Argonne Leadership Computing Facility

Argonne Leadership
Computing Facility

Tunneling and Forwarding Ports

Port forwarding is covered here. This is specifically for TensorBoard.

TensorBoard Port-Forwarding

This section describes the steps to be followed to set up port forwarding for applications, like tensorboard, that run on the SambaNova system and bind to one or more ports. This example uses 6006 and 16006 as port numbers. Using port numbers other than these may avoid collisions with other users.

From your local machine

Run

ssh -v -N -f -L localhost:16006:localhost:16006 ALCFUserID@sambanova.alcf.anl.gov
...
Password: < MobilPass+ code >

ssh ALCFUserID@sambanova.alcf.anl.gov
...
Password: < MobilPass+ code >

replacing ALCFUserID with your ALCF User ID.

From sambanova.alcf.anl.gov

Run

NOTE: The full name is sm-01.ai.alcf.anl.gov and it may also be used.

ssh -N -f -L localhost:16006:localhost:6006 ALCFUserID@sm-01
ssh ALCFUserID@sm-01

On sm-01

Execute the following command:

ALCFUserID@sm-01:~$ source /software/sambanova/envs/sn_env.sh
(venv) ALCFUserID@sm-01:~$

Navigate to the appropriate directory for your model. Launch your model using srun or sbatch.

cd /path/to/your/project
sbatch --output=pef/my_model/output.log submit-my_model-job.sh

On Another sm-01 Terminal Window

The SambaNova system has a bash shell script to setup the required software environment.
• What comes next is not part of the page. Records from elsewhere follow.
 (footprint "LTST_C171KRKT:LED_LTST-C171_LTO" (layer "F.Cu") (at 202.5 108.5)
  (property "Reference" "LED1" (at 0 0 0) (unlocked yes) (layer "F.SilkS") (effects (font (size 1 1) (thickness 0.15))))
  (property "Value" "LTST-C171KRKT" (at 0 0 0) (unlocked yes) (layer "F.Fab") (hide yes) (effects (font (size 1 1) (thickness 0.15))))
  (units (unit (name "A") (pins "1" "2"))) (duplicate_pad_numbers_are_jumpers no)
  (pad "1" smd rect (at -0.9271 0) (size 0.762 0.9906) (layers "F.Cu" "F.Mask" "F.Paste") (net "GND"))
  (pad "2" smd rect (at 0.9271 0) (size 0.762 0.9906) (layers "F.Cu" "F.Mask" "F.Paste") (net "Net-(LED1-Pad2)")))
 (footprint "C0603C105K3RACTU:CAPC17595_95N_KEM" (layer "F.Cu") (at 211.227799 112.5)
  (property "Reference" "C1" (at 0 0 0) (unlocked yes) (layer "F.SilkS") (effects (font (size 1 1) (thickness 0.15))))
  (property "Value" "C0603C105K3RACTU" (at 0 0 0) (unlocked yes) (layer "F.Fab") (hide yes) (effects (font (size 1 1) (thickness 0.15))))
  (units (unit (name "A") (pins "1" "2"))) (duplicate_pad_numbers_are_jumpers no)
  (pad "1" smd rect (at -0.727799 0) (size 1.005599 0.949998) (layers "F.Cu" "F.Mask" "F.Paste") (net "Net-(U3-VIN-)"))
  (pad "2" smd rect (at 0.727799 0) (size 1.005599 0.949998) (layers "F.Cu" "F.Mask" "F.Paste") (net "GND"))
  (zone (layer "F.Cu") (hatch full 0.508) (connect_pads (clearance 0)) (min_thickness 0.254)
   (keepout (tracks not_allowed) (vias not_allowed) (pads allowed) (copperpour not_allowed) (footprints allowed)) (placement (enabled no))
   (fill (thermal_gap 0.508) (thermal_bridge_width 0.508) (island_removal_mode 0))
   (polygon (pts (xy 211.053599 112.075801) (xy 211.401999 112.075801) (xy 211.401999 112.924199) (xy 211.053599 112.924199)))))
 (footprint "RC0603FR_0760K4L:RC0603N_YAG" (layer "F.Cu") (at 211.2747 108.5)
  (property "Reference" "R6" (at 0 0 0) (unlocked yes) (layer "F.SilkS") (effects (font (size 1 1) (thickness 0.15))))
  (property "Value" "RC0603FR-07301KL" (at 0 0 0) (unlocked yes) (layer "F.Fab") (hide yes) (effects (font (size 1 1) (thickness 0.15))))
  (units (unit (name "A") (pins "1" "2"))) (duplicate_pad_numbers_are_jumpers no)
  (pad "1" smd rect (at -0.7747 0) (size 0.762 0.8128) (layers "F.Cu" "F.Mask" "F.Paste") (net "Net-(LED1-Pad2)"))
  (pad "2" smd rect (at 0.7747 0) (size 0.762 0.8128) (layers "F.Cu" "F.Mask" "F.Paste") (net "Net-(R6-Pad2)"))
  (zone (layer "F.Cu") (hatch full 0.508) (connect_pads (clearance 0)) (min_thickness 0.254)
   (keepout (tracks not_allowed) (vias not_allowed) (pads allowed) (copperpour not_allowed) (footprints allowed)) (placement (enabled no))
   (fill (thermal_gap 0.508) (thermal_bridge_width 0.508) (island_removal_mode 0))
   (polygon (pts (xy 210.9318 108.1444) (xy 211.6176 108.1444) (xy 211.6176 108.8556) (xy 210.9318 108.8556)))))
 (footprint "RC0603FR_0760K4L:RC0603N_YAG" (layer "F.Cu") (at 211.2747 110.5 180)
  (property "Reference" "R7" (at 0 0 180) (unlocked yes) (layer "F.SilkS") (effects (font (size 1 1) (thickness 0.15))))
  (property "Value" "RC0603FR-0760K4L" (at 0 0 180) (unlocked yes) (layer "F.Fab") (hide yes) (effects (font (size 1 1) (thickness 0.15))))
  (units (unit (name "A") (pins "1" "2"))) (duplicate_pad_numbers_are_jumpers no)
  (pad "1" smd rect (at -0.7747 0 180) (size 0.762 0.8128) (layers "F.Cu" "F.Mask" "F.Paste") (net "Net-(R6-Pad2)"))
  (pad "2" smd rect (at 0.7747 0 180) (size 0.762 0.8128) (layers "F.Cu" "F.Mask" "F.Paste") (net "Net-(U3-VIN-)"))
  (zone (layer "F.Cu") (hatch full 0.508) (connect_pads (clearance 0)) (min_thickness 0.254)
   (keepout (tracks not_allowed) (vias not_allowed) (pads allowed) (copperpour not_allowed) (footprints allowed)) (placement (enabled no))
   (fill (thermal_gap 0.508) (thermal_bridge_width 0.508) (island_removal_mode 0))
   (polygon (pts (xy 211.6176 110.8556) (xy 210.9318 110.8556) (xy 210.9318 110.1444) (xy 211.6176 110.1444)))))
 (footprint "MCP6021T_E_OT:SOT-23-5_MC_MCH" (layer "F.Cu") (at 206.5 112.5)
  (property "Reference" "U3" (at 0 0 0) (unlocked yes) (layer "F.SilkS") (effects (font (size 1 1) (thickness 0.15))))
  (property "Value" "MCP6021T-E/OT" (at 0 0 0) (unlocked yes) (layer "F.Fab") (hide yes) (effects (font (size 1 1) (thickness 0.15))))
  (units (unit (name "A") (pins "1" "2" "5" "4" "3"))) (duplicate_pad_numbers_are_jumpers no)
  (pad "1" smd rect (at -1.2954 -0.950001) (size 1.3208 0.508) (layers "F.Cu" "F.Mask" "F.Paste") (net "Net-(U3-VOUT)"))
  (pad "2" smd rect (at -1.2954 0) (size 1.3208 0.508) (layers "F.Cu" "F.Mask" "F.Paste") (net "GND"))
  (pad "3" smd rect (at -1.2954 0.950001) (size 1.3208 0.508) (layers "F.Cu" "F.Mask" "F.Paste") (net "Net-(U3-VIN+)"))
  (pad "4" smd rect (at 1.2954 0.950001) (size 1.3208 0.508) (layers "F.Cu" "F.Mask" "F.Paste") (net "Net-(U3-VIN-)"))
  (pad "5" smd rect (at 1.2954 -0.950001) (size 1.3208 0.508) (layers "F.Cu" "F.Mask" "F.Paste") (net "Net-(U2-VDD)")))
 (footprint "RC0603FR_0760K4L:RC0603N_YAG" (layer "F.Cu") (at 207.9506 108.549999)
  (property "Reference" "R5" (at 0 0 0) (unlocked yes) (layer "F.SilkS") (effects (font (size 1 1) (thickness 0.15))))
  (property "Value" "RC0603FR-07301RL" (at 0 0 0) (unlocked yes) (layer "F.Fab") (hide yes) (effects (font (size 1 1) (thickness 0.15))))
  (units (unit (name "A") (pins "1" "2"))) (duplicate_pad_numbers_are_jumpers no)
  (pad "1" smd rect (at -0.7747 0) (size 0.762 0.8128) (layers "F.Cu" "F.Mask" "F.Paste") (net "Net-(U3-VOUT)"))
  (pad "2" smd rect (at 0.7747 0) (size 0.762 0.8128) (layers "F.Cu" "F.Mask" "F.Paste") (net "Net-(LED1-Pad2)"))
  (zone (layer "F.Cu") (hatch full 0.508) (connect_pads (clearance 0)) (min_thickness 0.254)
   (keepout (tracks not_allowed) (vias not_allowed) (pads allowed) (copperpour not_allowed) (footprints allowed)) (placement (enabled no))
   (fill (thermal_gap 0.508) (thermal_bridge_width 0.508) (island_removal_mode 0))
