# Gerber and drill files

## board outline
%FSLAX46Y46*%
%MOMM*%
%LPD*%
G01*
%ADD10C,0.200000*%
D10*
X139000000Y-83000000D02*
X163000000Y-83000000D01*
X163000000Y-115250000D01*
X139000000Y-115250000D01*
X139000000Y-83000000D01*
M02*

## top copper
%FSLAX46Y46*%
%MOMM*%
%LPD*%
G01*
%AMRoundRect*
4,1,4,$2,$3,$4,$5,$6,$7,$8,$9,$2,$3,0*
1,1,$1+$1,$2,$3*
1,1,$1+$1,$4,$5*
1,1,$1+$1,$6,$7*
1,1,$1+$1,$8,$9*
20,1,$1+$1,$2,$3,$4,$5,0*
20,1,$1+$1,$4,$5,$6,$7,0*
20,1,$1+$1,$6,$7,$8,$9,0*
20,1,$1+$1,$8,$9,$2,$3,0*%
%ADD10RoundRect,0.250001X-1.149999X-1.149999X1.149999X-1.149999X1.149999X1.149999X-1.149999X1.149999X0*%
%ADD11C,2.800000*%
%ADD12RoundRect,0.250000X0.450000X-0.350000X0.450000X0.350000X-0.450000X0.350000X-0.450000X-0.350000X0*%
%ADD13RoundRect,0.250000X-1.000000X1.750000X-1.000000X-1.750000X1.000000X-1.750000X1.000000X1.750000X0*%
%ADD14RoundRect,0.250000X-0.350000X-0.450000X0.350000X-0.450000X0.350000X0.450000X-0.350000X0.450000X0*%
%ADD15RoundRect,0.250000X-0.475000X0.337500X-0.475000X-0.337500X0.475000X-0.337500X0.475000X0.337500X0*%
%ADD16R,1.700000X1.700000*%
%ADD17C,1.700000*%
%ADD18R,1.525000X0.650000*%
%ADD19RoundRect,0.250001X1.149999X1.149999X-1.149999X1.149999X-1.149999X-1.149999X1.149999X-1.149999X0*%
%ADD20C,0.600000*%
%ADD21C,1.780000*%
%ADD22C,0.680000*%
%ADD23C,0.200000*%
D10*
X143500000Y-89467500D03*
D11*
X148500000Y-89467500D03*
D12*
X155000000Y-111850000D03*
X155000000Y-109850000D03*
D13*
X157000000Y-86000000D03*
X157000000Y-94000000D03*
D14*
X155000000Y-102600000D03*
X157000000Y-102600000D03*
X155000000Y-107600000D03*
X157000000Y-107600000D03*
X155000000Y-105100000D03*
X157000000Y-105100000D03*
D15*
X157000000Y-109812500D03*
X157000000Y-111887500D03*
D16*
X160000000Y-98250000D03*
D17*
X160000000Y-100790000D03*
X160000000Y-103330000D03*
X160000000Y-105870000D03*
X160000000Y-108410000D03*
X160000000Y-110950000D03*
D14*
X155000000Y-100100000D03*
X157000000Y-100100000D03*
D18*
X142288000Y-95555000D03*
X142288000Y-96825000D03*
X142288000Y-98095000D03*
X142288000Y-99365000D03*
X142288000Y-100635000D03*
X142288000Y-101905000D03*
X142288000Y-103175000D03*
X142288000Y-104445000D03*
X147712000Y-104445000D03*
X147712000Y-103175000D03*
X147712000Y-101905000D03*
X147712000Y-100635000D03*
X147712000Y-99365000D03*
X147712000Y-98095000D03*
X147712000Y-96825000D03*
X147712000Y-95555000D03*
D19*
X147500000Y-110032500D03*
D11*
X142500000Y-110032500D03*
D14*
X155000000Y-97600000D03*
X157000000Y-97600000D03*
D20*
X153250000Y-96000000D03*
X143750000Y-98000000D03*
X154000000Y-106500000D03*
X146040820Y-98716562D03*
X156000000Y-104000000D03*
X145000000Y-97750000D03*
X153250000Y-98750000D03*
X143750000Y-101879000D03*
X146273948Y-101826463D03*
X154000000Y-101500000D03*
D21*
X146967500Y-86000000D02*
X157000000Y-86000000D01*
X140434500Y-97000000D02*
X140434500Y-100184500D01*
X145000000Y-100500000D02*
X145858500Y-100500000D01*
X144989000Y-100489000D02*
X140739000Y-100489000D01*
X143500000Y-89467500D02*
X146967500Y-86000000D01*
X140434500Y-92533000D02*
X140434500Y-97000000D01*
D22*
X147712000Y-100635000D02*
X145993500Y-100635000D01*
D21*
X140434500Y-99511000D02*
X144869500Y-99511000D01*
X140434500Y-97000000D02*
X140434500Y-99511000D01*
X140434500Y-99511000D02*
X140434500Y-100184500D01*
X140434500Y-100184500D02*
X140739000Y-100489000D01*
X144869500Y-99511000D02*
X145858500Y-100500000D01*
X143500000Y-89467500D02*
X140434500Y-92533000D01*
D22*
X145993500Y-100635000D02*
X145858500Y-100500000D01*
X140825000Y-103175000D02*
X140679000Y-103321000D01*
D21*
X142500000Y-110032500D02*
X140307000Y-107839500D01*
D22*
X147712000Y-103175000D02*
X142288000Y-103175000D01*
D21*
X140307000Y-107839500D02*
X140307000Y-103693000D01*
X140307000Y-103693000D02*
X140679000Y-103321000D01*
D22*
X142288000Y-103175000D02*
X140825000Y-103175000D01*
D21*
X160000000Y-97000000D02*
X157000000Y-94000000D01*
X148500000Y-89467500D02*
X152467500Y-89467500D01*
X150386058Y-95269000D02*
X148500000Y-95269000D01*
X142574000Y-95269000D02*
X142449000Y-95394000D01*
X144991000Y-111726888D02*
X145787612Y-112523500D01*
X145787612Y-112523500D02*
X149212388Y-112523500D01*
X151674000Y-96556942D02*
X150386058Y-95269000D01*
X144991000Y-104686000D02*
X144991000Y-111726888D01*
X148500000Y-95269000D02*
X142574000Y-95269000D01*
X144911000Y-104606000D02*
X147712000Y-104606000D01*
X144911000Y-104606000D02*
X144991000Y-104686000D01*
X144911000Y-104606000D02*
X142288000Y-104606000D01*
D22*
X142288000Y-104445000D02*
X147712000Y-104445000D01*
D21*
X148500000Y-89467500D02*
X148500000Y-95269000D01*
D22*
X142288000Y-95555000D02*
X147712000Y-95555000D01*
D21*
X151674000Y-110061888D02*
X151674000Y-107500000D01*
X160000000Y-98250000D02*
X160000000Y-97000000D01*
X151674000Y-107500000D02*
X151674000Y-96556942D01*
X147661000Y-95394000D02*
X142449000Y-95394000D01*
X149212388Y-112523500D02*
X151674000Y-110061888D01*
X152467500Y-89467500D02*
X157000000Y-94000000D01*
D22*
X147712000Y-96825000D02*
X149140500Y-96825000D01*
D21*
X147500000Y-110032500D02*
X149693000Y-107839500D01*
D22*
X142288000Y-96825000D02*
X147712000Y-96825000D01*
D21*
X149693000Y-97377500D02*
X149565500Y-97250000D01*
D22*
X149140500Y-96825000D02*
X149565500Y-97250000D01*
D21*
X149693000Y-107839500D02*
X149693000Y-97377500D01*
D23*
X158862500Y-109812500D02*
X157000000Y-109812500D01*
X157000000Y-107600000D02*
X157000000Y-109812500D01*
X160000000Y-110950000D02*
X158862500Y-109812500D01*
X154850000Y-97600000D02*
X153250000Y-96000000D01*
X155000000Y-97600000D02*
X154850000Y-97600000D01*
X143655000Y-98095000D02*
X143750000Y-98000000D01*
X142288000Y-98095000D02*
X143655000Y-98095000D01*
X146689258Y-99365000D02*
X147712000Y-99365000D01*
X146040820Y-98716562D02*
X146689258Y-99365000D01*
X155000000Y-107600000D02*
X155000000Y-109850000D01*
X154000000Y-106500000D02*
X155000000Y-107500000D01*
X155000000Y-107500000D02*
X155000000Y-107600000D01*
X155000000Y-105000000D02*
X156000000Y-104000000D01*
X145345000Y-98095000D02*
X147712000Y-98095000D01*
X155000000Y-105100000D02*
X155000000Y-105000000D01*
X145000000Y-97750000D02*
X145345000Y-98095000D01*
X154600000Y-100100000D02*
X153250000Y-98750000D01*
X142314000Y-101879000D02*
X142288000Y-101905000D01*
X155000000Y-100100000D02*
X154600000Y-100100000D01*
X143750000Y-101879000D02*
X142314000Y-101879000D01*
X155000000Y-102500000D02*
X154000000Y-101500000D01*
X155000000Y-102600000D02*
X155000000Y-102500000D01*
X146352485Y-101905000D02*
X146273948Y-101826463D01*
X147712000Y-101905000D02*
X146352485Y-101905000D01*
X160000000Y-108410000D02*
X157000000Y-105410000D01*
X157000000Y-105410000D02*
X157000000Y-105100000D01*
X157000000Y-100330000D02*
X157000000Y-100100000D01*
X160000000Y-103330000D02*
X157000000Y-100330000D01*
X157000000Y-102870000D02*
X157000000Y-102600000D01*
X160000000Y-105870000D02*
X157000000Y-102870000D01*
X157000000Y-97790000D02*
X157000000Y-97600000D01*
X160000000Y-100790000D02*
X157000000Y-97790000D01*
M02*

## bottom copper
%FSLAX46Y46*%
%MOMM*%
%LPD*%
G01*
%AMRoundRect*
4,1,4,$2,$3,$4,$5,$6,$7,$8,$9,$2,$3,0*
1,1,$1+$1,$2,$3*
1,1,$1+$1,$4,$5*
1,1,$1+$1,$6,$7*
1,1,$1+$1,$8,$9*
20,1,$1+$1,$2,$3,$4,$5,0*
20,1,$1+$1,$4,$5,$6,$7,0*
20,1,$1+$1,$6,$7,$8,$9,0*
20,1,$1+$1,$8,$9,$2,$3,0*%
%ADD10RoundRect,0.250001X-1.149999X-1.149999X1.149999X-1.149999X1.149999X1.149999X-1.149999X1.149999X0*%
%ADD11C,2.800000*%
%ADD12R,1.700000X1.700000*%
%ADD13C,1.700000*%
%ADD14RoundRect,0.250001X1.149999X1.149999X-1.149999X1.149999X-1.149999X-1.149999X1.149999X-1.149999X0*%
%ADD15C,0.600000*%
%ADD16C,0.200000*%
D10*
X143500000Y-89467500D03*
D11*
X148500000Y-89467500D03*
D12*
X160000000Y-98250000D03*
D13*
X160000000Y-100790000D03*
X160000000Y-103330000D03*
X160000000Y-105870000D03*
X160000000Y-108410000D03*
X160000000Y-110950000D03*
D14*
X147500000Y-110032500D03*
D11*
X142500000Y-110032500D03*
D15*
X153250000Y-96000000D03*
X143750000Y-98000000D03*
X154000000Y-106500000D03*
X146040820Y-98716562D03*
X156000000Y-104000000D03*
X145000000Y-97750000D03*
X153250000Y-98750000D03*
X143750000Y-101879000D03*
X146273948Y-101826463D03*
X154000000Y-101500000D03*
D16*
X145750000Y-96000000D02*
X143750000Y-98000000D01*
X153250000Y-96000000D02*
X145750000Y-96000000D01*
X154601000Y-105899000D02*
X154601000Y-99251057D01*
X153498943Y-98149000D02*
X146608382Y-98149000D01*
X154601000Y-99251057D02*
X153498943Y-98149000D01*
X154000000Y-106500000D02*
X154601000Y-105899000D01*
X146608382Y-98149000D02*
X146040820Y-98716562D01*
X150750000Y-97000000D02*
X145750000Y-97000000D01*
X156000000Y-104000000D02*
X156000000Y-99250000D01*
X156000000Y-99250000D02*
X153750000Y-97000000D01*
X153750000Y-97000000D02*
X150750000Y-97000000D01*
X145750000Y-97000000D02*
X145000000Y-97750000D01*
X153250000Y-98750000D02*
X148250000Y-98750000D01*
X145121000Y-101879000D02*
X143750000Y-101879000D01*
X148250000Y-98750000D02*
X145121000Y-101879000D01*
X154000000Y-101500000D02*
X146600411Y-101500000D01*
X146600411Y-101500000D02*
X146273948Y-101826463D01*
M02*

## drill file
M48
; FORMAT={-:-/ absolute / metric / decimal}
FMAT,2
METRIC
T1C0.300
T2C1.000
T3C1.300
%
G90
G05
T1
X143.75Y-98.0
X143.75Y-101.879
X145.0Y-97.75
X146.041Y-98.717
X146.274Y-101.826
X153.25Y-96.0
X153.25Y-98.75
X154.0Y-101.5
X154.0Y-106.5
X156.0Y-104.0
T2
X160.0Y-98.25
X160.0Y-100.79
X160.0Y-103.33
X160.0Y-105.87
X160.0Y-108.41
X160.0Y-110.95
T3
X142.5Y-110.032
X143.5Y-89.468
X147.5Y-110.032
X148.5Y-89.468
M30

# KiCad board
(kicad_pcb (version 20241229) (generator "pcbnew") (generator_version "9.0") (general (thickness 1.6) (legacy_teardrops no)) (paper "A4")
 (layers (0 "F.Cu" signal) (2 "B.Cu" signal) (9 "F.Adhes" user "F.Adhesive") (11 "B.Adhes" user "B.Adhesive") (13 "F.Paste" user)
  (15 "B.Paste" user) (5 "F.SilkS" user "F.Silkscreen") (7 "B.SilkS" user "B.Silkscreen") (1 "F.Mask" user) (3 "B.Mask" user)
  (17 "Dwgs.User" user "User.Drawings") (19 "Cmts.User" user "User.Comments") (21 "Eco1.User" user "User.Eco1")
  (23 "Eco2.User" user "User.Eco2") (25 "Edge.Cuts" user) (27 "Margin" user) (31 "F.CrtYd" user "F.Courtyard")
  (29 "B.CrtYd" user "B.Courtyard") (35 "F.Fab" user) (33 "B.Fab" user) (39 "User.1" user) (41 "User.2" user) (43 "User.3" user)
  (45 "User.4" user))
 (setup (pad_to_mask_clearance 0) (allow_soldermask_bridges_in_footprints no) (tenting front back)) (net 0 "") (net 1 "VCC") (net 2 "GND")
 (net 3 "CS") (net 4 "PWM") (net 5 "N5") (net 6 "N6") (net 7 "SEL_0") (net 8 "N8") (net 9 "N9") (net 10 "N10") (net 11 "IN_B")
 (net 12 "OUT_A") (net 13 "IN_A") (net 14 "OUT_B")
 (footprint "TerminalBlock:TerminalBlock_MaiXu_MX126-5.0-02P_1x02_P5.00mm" (layer "F.Cu") (at 143.5 89.4675)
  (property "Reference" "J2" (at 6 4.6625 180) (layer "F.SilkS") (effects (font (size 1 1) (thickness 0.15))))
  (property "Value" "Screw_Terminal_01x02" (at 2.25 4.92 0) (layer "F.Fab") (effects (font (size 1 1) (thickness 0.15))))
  (pad "1" thru_hole roundrect (at 0 0) (size 2.8 2.8) (drill 1.3) (layers "*.Cu" "*.Mask") (remove_unused_layers no)
   (roundrect_rratio 0.089286) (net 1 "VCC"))
  (pad "2" thru_hole circle (at 5 0) (size 2.8 2.8) (drill 1.3) (layers "*.Cu" "*.Mask") (remove_unused_layers no) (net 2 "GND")))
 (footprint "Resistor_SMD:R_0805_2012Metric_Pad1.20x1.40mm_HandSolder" (layer "F.Cu") (at 155 110.85 90)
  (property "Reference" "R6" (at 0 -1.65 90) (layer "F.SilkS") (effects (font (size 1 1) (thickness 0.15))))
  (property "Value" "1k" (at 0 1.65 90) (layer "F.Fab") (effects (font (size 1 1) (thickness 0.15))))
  (pad "1" smd roundrect (at -1 0 90) (size 1.2 1.4) (layers "F.Cu" "F.Mask" "F.Paste") (roundrect_rratio 0.208333) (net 2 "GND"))
  (pad "2" smd roundrect (at 1 0 90) (size 1.2 1.4) (layers "F.Cu" "F.Mask" "F.Paste") (roundrect_rratio 0.208333) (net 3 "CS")))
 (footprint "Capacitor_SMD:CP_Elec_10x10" (layer "F.Cu") (at 157 90 -90)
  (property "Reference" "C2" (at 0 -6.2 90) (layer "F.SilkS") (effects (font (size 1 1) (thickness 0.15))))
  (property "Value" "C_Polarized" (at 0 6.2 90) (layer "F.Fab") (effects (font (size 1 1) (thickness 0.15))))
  (pad "1" smd roundrect (at -4 0 270) (size 4 2.5) (layers "F.Cu" "F.Mask" "F.Paste") (roundrect_rratio 0.1) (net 1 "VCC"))
  (pad "2" smd roundrect (at 4 0 270) (size 4 2.5) (layers "F.Cu" "F.Mask" "F.Paste") (roundrect_rratio 0.1) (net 2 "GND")))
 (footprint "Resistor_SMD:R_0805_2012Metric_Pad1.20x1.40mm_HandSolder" (layer "F.Cu") (at 156 102.6)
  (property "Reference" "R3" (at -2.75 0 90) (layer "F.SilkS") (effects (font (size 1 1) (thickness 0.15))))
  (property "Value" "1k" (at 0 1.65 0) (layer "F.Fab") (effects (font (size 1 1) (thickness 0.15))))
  (pad "1" smd roundrect (at -1 0) (size 1.2 1.4) (layers "F.Cu" "F.Mask" "F.Paste") (roundrect_rratio 0.208333) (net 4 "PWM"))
This sets up the SambaFlow software stack, the associated environmental variables and activates a pre-configured virtual environment.

Use

ALCFUserID@sm-01:~$ source /software/sambanova/envs/sn_env.sh
(venv) ALCFUserID@sm-01:~$

Navigate to the appropriate directory for your model.

cd /path/to/your/project
tensorboard --logdir /logs --port 6006

Browser on Local Machine

Then, navigate in your browser to, in this example, http://localhost:16006 on your local machine.

Notes

Explanation of ssh command:

-N : no remote commands

-f : put ssh in the background

-L <machine1>:<portA>:<machine2>:<portB> :

The full command line will forward <machine1>:<portA> (local scope) to <machine2>:<portB> (remote scope)

Adapted from: How can I run Tensorboard on a remote server?